What Don Quixote, Ganesh remind me

Source: The Sunday Times, Jan 2, 2011

We have it in us to fight injustice, achieve our dreams, no matter how dire things seem

By Lee Wei Ling

Ganesh is a Hindu deity with an elephant head. He is the patron of the arts and sciences. He is also Lord of Beginnings and the remover of obstacles. He is one of the best known and most widely worshipped deities in the Hindu pantheon.

His image is found throughout India and Nepal. Various Hindu sects, regardless of affiliation, worship Ganesh. Devotion of the elephant god is widely diffused and extends even to Jains and Buddhists as well as beyond India. That is why, though Ganesh is not the most powerful god in the Hindu pantheon, his image is so pervasive. I have often seen a little figurine of him on the dashboards of cars.

I myself have a wooden carving of Ganesh that was given by the Governor of Maharashtra, an Indian state, to my father, Minister Mentor Lee Kuan Yew. I took a fancy to the figure and it has been on my office table for the past three years.

In May 2008, I took it to show my mother who had been hospitalised for a bleed into the brain. As I had to rush off to see patients, I simply showed the statue to her and said: ‘Ganesh is supposed to remove obstacles that impede my missions.’

‘Poor Ganesh,’ my mother remarked wryly.

The nurses were changing shifts then, so there was quite a crowd around my mother. They must have looked puzzled, so my sister- in-law Ho Ching, who was visiting my mother then, explained: ‘Ganesh does not know what Wei Ling has planned for him.’

The statue of Ganesh is still on my office table. But he has not favoured me with assistance. Perhaps Ganesh knows I am an atheist and so do not deserve his help.

Just before Christmas, a friend of mine gave me a tiny figurine of Don Quixote which he had bought during a holiday in Spain. It was a figure of a scrawny old man with a lance in one hand, and a shield and a sword in the other.

The gift was accompanied with a note: ‘This unusual person, quintessentially Spanish. The novel Don Quixote De La Mancha is of course full of this person, whose futile fight for the dying ideals of a bygone golden age is nevertheless noble, honourable but ultimately hopeless.’

My father had given me an English translation of the novel. It is 6cm thick. In the introduction, I found the following statement: ‘W.H. Auden found in Don Quixote a portrait of a Christian saint, as opposed to Hamlet, who ‘lacks faith in God and himself’.’

In the next paragraph, Edith Grossman, who had translated the novel from Spanish to English, wrote: ‘Don Quixote says that his quest is to destroy injustice.’

I have often joked with friends about myself tilting at windmills, as Don Quixote did, as an analogy of trying to right wrongs in situations where success seems unlikely. But I am no Christian, and certainly am no saint. Nevertheless, I choose Don Quixote as my symbolic self because of his humble appearance and his passion for justice.

I replied to the friend who had given me the figurine of Don Quixote: ‘Even if he knew it was hopeless, he kept on trying to put it right. That is an admirable trait.’

That is why the signature song in the musical Man Of La Mancha, The Impossible Dream, is my favourite song. We all have our impossible dreams. How many of us really try with total determination and tenacity to bring it to fruition?

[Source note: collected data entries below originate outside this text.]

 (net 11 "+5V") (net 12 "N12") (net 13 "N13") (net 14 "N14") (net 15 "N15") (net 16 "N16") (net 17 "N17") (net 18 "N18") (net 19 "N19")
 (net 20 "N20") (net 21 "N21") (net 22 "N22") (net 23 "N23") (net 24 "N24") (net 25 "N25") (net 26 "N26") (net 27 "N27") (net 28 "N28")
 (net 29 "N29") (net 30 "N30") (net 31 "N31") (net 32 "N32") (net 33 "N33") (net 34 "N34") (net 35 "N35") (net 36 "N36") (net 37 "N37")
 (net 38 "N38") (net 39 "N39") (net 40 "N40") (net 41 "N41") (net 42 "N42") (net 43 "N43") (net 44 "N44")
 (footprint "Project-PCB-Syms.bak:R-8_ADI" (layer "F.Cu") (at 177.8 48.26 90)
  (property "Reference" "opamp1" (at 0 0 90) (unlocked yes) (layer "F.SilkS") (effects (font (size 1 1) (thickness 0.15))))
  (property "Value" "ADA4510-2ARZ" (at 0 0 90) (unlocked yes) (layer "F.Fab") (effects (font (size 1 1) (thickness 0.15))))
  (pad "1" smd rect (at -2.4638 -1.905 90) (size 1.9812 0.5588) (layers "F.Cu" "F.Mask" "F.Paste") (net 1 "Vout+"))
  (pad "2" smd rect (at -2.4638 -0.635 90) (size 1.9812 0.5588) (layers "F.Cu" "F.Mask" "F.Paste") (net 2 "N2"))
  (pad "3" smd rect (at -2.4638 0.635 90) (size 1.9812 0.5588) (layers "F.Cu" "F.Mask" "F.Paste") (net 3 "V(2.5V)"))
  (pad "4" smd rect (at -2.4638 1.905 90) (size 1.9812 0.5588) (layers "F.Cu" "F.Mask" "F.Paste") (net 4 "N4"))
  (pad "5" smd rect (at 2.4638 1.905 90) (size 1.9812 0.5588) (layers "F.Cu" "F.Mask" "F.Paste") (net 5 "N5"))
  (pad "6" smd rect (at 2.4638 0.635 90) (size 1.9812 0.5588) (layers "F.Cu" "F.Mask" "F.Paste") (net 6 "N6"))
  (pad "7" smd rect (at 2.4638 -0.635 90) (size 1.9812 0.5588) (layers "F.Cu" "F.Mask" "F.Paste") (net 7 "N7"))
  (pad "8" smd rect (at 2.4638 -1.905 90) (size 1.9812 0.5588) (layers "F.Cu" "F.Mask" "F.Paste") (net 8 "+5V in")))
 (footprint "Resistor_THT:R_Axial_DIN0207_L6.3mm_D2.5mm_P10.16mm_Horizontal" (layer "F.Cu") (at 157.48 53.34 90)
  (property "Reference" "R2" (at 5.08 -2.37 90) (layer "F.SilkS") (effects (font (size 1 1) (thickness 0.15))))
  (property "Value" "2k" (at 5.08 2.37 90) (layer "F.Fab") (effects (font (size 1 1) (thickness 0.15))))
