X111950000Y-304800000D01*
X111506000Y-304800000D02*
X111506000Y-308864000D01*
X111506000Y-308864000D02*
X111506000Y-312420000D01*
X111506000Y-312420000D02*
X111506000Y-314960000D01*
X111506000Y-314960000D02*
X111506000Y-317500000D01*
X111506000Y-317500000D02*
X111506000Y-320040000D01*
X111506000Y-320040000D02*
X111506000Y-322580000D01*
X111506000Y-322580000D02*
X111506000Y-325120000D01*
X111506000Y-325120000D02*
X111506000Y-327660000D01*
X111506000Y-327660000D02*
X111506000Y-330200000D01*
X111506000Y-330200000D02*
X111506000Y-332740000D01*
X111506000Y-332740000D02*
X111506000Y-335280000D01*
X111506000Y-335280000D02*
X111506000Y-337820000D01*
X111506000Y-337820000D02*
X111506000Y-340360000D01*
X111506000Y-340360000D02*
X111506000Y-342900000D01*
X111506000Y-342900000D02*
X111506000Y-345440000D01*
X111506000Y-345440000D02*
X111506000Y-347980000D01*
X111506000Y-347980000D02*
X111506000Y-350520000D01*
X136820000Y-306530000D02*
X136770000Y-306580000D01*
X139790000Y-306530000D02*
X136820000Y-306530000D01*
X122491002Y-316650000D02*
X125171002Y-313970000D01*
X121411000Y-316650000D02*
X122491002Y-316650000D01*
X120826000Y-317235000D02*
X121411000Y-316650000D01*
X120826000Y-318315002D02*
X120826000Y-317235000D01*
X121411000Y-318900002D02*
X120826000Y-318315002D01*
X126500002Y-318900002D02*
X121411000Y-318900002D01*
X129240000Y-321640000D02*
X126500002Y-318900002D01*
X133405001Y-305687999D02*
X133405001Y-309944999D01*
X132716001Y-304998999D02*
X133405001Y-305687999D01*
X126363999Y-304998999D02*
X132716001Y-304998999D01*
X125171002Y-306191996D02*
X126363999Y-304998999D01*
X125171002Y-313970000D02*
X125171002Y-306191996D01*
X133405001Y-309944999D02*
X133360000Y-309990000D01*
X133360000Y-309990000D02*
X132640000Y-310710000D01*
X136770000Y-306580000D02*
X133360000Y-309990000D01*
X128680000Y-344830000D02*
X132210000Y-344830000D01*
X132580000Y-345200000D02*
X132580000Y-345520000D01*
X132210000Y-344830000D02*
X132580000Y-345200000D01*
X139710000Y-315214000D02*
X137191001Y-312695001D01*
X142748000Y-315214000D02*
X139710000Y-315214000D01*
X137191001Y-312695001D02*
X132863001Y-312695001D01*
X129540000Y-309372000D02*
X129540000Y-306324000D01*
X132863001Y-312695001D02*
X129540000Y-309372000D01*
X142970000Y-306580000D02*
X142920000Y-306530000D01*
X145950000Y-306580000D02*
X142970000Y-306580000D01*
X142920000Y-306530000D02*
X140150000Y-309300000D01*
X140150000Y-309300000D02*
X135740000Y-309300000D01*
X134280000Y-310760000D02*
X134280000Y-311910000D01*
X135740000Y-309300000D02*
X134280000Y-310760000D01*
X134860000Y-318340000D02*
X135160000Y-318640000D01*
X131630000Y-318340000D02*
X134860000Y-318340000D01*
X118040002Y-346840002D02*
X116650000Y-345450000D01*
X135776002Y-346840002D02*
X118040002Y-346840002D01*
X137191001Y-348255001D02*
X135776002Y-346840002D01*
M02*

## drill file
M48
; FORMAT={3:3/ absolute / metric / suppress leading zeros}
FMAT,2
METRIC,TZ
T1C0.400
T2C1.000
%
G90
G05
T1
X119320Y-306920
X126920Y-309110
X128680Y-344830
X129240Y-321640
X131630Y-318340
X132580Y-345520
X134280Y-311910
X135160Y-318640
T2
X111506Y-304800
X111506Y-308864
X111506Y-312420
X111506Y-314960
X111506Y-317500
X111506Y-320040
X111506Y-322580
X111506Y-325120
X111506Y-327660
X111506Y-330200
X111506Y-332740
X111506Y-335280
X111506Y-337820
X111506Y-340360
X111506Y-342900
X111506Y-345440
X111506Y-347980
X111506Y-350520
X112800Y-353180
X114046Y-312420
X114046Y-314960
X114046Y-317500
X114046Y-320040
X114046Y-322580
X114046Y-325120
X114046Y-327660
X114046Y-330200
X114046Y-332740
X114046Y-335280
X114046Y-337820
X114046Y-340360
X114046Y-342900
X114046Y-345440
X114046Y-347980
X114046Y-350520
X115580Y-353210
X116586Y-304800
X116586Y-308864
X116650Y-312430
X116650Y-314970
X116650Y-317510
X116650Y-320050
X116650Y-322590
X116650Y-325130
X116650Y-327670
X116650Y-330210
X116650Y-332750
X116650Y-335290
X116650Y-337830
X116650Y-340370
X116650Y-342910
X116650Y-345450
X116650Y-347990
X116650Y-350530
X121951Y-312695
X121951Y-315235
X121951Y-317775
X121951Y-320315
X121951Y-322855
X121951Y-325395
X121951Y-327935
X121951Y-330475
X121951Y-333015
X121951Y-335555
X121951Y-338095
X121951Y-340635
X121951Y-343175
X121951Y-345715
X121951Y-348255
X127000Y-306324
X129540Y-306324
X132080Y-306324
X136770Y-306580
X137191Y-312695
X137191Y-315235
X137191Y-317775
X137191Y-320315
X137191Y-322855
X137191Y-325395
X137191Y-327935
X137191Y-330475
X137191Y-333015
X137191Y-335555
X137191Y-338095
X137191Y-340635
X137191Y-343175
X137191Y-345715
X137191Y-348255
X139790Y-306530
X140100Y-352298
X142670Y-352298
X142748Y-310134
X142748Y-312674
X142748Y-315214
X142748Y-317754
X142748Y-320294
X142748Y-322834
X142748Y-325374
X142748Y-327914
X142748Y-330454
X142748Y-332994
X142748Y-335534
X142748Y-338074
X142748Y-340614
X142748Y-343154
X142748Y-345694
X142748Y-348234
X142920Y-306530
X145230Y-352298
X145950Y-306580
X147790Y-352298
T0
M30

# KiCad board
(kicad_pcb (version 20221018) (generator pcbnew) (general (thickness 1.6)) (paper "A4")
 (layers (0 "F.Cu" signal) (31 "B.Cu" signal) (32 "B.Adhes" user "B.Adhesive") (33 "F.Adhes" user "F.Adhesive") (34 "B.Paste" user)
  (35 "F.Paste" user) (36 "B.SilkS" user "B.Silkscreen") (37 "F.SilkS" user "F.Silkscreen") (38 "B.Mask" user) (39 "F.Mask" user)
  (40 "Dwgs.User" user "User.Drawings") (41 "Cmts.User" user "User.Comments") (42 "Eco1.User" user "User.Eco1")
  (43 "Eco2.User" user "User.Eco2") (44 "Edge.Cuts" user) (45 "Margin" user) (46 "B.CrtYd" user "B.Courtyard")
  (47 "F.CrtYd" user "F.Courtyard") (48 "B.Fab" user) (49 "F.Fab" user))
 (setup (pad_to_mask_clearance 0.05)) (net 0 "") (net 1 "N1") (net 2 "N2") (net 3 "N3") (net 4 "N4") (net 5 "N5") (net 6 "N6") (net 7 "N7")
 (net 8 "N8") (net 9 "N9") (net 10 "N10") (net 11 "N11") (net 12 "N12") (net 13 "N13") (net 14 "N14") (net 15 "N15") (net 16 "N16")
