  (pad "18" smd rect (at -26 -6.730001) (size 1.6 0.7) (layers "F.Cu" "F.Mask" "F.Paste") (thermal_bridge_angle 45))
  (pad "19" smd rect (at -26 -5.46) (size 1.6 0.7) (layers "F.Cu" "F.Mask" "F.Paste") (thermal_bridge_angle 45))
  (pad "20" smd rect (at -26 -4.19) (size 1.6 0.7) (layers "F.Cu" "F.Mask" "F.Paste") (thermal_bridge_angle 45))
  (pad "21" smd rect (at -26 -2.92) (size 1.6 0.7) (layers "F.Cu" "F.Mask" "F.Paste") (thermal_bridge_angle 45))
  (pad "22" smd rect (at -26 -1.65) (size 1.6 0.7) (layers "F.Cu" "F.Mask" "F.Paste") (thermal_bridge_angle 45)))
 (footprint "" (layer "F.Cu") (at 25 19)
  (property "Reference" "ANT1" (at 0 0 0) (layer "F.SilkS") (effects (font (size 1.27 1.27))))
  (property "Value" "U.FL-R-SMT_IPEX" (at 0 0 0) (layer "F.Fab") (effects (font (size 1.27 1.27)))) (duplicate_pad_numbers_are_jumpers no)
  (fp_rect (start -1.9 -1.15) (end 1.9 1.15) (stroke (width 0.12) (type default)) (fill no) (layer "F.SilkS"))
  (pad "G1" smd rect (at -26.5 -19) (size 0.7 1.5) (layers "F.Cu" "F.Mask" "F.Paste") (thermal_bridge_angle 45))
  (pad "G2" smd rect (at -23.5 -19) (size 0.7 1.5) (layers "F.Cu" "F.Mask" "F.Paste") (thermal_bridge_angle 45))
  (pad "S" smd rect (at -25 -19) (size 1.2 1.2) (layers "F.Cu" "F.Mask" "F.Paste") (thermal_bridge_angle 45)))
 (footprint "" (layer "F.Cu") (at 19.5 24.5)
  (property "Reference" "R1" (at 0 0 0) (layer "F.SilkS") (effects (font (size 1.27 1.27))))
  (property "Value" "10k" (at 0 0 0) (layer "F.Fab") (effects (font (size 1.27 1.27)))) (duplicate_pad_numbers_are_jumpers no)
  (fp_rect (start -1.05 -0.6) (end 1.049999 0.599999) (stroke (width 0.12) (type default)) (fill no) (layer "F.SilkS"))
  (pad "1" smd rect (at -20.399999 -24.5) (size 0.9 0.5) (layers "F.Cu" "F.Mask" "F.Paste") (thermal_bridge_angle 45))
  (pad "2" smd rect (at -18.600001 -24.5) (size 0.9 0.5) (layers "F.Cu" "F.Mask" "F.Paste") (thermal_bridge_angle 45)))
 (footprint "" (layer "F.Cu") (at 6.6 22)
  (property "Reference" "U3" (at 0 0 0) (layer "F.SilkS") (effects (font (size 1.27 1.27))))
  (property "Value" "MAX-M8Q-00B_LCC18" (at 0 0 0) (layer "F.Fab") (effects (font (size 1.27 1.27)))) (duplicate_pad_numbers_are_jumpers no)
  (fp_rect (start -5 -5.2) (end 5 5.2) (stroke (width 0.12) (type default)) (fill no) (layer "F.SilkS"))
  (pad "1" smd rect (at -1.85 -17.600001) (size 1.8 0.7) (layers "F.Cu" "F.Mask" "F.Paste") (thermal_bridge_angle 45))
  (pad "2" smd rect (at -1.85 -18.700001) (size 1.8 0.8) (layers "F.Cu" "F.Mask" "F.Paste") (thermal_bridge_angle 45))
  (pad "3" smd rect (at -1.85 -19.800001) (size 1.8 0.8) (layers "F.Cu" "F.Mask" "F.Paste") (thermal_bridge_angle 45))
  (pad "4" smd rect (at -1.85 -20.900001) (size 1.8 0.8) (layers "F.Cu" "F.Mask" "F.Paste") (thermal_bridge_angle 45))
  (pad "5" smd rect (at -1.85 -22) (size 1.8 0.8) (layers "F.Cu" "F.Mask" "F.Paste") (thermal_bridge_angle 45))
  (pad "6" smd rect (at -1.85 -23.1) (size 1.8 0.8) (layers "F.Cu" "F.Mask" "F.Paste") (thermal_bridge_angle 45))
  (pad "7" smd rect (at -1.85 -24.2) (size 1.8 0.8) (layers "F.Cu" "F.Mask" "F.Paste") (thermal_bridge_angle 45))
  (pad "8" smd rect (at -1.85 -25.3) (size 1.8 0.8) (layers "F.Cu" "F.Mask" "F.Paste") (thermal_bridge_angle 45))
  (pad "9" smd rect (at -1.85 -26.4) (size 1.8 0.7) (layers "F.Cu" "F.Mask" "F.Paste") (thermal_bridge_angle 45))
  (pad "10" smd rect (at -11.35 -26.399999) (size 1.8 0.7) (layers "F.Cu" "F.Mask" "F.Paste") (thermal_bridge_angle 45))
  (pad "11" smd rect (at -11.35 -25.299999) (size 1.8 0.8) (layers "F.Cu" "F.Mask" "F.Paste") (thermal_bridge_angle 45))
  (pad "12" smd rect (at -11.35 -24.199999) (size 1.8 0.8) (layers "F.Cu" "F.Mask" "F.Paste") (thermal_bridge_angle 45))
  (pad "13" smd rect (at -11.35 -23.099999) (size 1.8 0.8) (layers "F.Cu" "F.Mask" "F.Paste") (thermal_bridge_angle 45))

Did the group of men who transformed Singapore from a Third World into a First World country think their dream was impossible? The rest of the world certainly did. They themselves had moments of doubt but they kept on trying and they persuaded Singaporeans to strive for a better, meritocratic, multicultural, multi-religious Singapore. They certainly persuaded my generation that it could be done.

If they had not done so, the Singapore of today would not be the envy of many countries in the world, and the lives of Singaporeans would not be so pleasant that a recent survey found us to be among the happiest people in the world.

I like the passion in the song The Impossible Dream: ‘To dream the impossible dream/ To fight the unbeatable foe/ To bear with unbearable sorrow/ To run where the brave dare not go/ To right the unrightable wrong/ …/ This is my quest/ To follow that star/ No matter how hopeless/ No matter how far./ To fight for the right/ Without question or pause…’

The figurine of Don Quixote will stay on my table at home. He looks too frail to serve as a warning to anyone who has a meeting with me in my office. But he will remind me to fight on as long as I am convinced I am doing the right thing.

I am neither religious nor superstitious. These two figurines – of Ganesh and the Man of La Mancha – serve only as symbolic reminders to me to do what is right, and to continue trying even when there are obstacles.

‘Poor Ganesh’ may not have been as effective as I had hoped he would be because most people who meet me in my office do not know his significance. But it is enough that I know – and that together with Don Quixote, he is there to remind me to ‘Still strive with my last ounce of courage/ To reach the unreachable star’.

The ‘remover of obstacles’ is really oneself. Ganesh can be within each one of us, as can Don Quixote.